Consumer Action Law Centre has welcomed today’s release of the proposed national consumer credit laws by the Federal Government, but has warned that while the intention behind the laws is good, there are serious flaws in the Bill that must be addressed or consumers will continue to remain vulnerable to unfair and irresponsible lending practices.
Catriona Lowe, Consumer Action co-CEO, said that the Government’s proposals to require all lenders to be licensed and to join an external dispute resolution scheme were major improvements that would significantly increase protections for ordinary consumers.
‘One of the most important parts of the Bill is the requirement that licensed credit providers and brokers lend responsibly,’ Ms Lowe said.
‘This could be a big step forward for Australia but the challenge is to make sure this obligation actually works in practice.

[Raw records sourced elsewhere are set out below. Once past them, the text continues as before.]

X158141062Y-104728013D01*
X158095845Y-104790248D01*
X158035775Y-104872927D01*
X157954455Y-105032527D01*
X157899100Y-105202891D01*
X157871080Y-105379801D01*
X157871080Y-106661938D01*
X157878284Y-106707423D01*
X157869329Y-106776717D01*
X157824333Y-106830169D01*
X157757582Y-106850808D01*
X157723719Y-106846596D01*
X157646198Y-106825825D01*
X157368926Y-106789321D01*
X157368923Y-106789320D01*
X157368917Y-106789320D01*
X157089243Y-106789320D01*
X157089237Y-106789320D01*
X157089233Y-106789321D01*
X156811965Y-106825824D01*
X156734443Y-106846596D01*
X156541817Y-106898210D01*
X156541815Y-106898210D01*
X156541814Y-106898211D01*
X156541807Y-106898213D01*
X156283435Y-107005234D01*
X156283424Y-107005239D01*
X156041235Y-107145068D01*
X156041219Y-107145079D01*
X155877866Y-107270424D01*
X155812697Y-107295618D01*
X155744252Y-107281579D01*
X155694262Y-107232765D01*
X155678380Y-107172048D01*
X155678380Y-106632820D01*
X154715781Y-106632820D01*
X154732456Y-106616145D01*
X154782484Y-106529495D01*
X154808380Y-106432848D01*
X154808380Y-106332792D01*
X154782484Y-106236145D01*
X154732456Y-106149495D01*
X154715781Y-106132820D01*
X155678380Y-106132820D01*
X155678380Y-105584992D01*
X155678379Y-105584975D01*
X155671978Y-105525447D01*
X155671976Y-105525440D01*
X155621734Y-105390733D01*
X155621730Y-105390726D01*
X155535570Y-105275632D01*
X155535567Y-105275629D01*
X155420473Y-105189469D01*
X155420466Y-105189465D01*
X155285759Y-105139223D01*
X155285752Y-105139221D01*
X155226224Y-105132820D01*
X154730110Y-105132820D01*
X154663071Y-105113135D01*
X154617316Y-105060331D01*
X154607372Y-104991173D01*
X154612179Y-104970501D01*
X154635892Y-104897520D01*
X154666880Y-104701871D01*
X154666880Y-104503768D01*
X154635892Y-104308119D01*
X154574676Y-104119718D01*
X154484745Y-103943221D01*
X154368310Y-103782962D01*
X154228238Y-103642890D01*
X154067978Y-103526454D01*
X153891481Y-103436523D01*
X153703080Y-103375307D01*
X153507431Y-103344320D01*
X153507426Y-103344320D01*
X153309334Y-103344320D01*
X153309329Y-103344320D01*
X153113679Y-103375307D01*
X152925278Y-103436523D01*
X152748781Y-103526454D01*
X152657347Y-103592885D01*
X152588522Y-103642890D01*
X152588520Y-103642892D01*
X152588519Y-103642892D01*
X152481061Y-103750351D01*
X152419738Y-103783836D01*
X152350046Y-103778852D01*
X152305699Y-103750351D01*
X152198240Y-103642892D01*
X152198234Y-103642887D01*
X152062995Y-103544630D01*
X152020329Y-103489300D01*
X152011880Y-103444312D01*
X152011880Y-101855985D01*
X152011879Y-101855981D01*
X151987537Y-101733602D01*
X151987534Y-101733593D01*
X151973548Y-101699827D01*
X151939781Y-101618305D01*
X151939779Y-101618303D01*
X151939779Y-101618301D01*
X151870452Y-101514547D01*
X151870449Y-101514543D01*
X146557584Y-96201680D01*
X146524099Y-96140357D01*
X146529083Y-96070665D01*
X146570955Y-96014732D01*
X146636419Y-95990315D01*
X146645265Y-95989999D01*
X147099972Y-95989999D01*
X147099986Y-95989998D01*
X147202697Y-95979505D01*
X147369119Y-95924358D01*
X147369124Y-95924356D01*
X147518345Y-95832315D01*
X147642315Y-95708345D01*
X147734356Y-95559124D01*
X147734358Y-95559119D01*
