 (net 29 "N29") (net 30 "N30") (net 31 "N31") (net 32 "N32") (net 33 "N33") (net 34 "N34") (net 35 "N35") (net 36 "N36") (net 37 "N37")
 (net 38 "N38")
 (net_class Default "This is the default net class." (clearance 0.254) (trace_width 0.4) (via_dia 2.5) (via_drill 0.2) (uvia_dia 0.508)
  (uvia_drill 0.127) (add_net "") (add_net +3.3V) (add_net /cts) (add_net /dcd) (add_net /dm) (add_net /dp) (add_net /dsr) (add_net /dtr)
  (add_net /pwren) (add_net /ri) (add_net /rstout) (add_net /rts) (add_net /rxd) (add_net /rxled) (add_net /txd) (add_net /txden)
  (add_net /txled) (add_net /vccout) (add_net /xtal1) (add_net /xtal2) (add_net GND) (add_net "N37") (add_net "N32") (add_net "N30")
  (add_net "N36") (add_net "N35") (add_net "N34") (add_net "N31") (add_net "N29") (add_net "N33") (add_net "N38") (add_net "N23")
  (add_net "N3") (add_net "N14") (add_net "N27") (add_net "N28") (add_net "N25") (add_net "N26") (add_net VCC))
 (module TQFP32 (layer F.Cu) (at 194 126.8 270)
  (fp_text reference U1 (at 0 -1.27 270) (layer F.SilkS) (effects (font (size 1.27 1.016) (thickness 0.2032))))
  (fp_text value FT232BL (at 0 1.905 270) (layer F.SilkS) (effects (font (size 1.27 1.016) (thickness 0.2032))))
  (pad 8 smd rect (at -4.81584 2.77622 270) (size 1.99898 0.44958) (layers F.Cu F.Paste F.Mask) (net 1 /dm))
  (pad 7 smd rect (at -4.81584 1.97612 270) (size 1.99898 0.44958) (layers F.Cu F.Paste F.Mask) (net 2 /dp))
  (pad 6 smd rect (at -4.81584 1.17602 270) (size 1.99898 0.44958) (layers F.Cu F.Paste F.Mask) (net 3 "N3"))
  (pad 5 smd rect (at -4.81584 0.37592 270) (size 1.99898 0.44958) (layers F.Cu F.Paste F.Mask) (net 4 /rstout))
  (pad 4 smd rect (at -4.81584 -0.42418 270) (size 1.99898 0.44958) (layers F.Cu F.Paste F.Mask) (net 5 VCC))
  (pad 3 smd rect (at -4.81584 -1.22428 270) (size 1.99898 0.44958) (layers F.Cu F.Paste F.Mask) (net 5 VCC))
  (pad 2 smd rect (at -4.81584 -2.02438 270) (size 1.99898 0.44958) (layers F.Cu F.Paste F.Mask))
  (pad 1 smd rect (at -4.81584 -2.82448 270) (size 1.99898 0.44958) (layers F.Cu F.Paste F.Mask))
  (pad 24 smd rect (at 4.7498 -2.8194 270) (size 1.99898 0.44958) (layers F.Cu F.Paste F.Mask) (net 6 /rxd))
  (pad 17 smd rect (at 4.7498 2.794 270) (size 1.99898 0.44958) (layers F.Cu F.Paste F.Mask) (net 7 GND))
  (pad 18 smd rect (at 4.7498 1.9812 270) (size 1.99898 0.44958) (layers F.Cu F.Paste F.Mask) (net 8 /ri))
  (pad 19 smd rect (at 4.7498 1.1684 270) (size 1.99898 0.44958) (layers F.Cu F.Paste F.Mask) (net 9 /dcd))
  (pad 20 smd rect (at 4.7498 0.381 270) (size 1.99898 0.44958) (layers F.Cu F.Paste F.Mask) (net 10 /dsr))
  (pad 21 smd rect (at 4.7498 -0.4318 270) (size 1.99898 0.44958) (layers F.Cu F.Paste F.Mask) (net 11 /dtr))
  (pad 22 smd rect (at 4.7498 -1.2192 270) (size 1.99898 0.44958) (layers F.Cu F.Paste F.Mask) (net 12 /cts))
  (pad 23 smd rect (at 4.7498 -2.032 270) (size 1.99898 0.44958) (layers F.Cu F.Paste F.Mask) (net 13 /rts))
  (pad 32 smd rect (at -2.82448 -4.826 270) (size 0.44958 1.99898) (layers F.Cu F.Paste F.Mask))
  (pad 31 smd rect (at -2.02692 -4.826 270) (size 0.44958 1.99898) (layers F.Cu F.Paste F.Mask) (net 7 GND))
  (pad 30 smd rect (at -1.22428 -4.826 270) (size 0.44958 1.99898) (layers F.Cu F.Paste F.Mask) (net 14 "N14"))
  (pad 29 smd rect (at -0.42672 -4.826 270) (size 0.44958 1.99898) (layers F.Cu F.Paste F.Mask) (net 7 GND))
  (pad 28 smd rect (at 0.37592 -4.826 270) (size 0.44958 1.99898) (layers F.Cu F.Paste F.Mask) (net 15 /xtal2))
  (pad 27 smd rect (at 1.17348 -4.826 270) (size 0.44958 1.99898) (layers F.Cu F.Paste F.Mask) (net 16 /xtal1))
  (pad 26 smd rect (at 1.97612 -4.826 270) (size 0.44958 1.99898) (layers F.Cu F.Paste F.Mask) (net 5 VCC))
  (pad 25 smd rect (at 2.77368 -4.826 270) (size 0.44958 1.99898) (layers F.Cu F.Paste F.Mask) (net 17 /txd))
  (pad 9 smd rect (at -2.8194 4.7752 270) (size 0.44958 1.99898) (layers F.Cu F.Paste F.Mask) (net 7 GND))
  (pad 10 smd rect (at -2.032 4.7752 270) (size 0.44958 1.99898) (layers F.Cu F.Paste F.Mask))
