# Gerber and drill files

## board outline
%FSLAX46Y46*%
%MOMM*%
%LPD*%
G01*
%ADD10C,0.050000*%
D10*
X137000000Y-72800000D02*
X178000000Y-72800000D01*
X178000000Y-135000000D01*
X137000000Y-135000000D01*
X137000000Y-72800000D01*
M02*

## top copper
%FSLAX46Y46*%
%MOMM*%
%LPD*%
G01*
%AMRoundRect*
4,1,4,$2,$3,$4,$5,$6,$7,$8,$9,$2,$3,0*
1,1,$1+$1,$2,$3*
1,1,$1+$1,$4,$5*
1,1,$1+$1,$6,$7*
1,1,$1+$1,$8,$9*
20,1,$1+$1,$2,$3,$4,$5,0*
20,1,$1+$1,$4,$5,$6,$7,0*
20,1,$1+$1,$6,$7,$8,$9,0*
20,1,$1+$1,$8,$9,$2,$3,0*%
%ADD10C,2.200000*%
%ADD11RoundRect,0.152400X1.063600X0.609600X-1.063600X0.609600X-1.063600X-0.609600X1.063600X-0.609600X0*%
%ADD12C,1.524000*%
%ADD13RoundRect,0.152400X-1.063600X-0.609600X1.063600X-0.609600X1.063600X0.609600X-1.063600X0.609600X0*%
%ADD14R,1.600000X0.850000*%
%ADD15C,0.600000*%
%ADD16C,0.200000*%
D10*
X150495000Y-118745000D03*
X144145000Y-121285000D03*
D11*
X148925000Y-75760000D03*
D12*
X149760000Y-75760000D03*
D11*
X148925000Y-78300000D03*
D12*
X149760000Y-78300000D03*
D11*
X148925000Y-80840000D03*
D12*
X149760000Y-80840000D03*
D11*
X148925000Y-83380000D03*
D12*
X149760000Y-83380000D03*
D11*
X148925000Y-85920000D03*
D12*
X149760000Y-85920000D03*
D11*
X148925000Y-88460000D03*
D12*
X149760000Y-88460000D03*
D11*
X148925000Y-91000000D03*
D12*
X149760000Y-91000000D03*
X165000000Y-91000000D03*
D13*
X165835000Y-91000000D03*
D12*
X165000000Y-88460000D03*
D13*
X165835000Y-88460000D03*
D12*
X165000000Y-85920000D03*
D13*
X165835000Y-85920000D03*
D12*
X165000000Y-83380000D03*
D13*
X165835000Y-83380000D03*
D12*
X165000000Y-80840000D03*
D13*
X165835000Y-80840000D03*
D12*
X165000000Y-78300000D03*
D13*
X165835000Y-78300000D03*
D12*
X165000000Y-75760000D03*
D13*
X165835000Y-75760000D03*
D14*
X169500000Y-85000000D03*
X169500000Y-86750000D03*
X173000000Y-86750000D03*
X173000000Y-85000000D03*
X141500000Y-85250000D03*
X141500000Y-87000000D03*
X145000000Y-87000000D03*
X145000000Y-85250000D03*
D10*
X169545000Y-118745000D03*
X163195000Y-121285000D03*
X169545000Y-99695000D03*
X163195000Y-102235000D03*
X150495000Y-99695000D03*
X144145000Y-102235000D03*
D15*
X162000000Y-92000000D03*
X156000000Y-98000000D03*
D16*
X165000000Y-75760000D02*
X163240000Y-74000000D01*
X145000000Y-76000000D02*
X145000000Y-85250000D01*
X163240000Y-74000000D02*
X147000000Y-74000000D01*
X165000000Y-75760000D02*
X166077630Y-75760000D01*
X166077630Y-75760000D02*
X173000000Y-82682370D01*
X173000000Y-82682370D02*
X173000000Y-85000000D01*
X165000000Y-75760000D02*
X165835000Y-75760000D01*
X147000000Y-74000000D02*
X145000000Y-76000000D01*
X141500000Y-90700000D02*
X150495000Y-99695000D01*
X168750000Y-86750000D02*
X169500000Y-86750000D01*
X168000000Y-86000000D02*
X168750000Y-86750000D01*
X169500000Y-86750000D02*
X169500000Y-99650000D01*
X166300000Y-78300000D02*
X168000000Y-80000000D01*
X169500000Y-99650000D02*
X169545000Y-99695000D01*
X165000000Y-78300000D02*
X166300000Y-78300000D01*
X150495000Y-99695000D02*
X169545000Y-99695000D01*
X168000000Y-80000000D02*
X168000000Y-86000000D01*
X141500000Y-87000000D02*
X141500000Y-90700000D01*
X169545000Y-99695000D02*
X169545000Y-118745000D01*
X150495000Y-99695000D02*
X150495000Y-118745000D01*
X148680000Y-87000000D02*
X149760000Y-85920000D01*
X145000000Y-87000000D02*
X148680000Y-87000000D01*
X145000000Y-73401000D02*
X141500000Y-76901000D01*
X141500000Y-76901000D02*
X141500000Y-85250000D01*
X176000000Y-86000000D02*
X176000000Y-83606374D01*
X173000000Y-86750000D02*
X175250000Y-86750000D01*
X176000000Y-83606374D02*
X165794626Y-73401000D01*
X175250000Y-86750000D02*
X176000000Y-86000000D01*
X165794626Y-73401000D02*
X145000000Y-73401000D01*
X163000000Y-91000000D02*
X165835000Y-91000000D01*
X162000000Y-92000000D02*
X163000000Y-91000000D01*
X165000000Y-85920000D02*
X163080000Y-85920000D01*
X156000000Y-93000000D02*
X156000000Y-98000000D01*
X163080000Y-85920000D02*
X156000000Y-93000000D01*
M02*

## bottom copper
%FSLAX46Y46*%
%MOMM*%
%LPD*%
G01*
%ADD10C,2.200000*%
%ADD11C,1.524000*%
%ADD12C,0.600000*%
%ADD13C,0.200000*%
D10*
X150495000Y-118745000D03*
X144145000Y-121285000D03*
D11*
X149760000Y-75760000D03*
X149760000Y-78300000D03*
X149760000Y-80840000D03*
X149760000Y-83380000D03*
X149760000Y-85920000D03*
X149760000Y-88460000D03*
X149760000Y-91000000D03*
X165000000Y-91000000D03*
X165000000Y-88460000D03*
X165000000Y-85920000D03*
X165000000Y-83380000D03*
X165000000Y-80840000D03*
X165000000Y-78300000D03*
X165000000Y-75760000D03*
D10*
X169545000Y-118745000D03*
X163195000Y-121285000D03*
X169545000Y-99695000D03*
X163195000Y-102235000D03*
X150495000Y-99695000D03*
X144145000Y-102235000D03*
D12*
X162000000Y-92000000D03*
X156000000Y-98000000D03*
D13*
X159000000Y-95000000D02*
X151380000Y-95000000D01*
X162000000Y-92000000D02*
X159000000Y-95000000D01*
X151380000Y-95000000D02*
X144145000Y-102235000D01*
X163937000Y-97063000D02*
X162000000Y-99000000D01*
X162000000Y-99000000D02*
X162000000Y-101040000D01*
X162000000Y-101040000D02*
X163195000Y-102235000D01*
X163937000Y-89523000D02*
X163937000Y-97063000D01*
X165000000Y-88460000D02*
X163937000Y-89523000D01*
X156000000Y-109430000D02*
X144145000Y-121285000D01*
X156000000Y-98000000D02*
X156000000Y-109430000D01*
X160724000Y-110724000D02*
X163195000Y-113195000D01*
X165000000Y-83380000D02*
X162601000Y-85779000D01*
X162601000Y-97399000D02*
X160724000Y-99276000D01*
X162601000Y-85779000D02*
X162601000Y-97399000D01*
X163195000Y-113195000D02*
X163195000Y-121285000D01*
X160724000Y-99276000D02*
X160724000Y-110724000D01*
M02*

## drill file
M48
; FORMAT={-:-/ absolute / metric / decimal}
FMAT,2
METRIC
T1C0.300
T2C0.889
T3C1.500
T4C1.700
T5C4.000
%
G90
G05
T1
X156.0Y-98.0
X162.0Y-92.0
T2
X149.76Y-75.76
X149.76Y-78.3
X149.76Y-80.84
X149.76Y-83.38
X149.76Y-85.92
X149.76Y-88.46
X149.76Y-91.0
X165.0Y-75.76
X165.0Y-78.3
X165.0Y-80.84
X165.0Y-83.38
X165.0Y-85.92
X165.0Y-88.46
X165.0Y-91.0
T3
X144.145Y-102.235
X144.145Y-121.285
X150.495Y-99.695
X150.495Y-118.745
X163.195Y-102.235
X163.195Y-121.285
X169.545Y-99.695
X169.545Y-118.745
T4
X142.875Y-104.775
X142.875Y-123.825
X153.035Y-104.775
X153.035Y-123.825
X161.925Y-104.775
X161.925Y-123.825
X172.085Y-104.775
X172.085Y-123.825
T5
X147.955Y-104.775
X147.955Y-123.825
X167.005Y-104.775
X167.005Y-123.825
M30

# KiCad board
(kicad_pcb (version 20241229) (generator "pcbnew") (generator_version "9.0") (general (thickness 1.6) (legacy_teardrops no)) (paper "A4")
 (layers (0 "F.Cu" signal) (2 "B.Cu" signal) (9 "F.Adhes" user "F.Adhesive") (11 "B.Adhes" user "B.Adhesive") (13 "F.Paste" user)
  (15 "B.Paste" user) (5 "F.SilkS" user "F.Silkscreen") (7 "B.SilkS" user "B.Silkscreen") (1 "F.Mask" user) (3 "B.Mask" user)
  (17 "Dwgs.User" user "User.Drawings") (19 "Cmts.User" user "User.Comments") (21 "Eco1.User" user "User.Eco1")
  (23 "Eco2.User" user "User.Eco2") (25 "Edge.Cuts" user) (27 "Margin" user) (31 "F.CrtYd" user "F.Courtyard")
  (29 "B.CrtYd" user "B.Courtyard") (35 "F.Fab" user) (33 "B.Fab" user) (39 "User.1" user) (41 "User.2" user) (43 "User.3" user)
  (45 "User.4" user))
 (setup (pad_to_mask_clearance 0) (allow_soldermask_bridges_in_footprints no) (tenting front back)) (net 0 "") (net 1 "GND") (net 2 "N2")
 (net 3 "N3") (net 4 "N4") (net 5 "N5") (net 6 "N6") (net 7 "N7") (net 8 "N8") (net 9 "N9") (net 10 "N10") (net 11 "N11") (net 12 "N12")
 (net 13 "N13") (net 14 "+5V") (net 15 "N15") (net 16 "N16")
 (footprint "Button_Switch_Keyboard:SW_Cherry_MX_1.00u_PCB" (layer "F.Cu") (at 150.495 118.745)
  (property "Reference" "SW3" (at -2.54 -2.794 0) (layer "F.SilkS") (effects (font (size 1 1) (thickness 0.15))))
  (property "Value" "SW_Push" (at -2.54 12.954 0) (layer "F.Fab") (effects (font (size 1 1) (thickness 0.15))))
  (pad "" np_thru_hole circle (at -7.62 5.08) (size 1.7 1.7) (drill 1.7) (layers "*.Cu" "*.Mask"))
  (pad "" np_thru_hole circle (at -2.54 5.08) (size 4 4) (drill 4) (layers "*.Cu" "*.Mask"))
  (pad "" np_thru_hole circle (at 2.54 5.08) (size 1.7 1.7) (drill 1.7) (layers "*.Cu" "*.Mask"))
  (pad "1" thru_hole circle (at 0 0) (size 2.2 2.2) (drill 1.5) (layers "*.Cu" "*.Mask") (remove_unused_layers no) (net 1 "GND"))
  (pad "2" thru_hole circle (at -6.35 2.54) (size 2.2 2.2) (drill 1.5) (layers "*.Cu" "*.Mask") (remove_unused_layers no) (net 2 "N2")))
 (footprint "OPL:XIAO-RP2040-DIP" (layer "F.Cu") (at 157.38 83.38)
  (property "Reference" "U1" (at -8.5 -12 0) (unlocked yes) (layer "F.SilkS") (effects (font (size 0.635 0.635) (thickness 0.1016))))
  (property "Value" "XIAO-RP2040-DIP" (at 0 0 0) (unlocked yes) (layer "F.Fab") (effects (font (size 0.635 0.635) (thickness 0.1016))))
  (pad "1" smd roundrect (at -8.455 -7.62 180) (size 2.432 1.524) (layers "F.Cu" "F.Mask") (roundrect_rratio 0.1) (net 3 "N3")
   (thermal_bridge_angle 45))
  (pad "1" thru_hole circle (at -7.62 -7.62 180) (size 1.524 1.524) (drill 0.889) (layers "*.Cu" "*.Mask") (remove_unused_layers no)
   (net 3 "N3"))
  (pad "2" smd roundrect (at -8.455 -5.08 180) (size 2.432 1.524) (layers "F.Cu" "F.Mask") (roundrect_rratio 0.1) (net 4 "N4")
   (thermal_bridge_angle 45))
  (pad "2" thru_hole circle (at -7.62 -5.08 180) (size 1.524 1.524) (drill 0.889) (layers "*.Cu" "*.Mask") (remove_unused_layers no)
   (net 4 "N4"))
  (pad "3" smd roundrect (at -8.455 -2.54 180) (size 2.432 1.524) (layers "F.Cu" "F.Mask") (roundrect_rratio 0.1) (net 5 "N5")
   (thermal_bridge_angle 45))
  (pad "3" thru_hole circle (at -7.62 -2.54 180) (size 1.524 1.524) (drill 0.889) (layers "*.Cu" "*.Mask") (remove_unused_layers no)
   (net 5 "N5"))
  (pad "4" smd roundrect (at -8.455 0 180) (size 2.432 1.524) (layers "F.Cu" "F.Mask") (roundrect_rratio 0.1) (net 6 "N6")
   (thermal_bridge_angle 45))
  (pad "4" thru_hole circle (at -7.62 0 180) (size 1.524 1.524) (drill 0.889) (layers "*.Cu" "*.Mask") (remove_unused_layers no)
   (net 6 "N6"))
  (pad "5" smd roundrect (at -8.455 2.54 180) (size 2.432 1.524) (layers "F.Cu" "F.Mask") (roundrect_rratio 0.1) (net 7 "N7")
   (thermal_bridge_angle 45))
  (pad "5" thru_hole circle (at -7.62 2.54 180) (size 1.524 1.524) (drill 0.889) (layers "*.Cu" "*.Mask") (remove_unused_layers no)
   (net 7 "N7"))
  (pad "6" smd roundrect (at -8.455 5.08 180) (size 2.432 1.524) (layers "F.Cu" "F.Mask") (roundrect_rratio 0.1) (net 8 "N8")
   (thermal_bridge_angle 45))
  (pad "6" thru_hole circle (at -7.62 5.08 180) (size 1.524 1.524) (drill 0.889) (layers "*.Cu" "*.Mask") (remove_unused_layers no)
   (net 8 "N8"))
  (pad "7" smd roundrect (at -8.455 7.62 180) (size 2.432 1.524) (layers "F.Cu" "F.Mask") (roundrect_rratio 0.1) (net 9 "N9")
   (thermal_bridge_angle 45))
  (pad "7" thru_hole circle (at -7.62 7.62 180) (size 1.524 1.524) (drill 0.889) (layers "*.Cu" "*.Mask") (remove_unused_layers no)
   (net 9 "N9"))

There must be a strong incentive to act responsibly in marketing and selling responsible products.
‘This includes fixing the current situation where a lender can simply blame a bad loan on a broker. The current Bill does not achieve this.’
‘The best approach would be to have some broad principles rather than requirements that are too limited and specific. The regulator can provide guidance on broad principles as is done in the UK.’
‘A key problem with our current state laws is that unscrupulous lenders have found many loopholes to avoid obligations, and we must make sure that the detail in the new laws does not limit their coverage and lead to avoidance.’
Ms Lowe said that the proposal to lift the threshold under which consumers can request a change to their loan repayments due to hardship was good, but other problems in this area also needed to be fixed to ensure consumers in hardship could access help.
‘The new requirement for lenders to respond to consumer requests for a change within 21 days so that consumers are not left hanging is a welcome improvement.’
‘But lenders should have to consider a range of more flexible options for repaying a loan, similar to the options the Government agreed with the major banks voluntarily a few weeks ago. Otherwise the help available is too limited.’
‘It is also important that consumers can force a lender to agree to reasonable requests for changes. At present lenders often refuse these requests and consumers have to go to court to enforce them, which is often not feasible due to the cost, time and uncertainty involved in legal action.’
‘It will be a huge improvement if all consumers can take these requests to the Financial Ombudsman Service or Credit Ombudsman Service. We also welcome the Bill’s recognition that a new low cost jurisdiction should also be established in the Federal Magistrates Court to handle these and other consumer applications, although the details need to be drafted.’
Ms Lowe said predatory lending practices needed to be addressed in the Bill as a matter of urgency.
‘The laws should place a cap on the cost of a loan, including interest and fees,’ said Ms Lowe.
‘New South Wales and Queensland currently have a cap on the total cost of a loan, equivalent to 48% interest, although some loopholes need to be closed.’
‘We are particularly concerned that the Government has said nothing about retaining these caps in those states. They must be retained while the Federal Government considers the best way to address exploitative high cost loans such as payday loans.’
‘The Federal Government has not addressed this problem and it is unlikely that the irresponsible lending laws being proposed will stop these practices.’
‘The current caps of 48% need to be retained and tightened to stop predatory payday lending. We believe there is no place for such usurious lending in a community concerned with equity and the fair treatment of the disadvantaged.’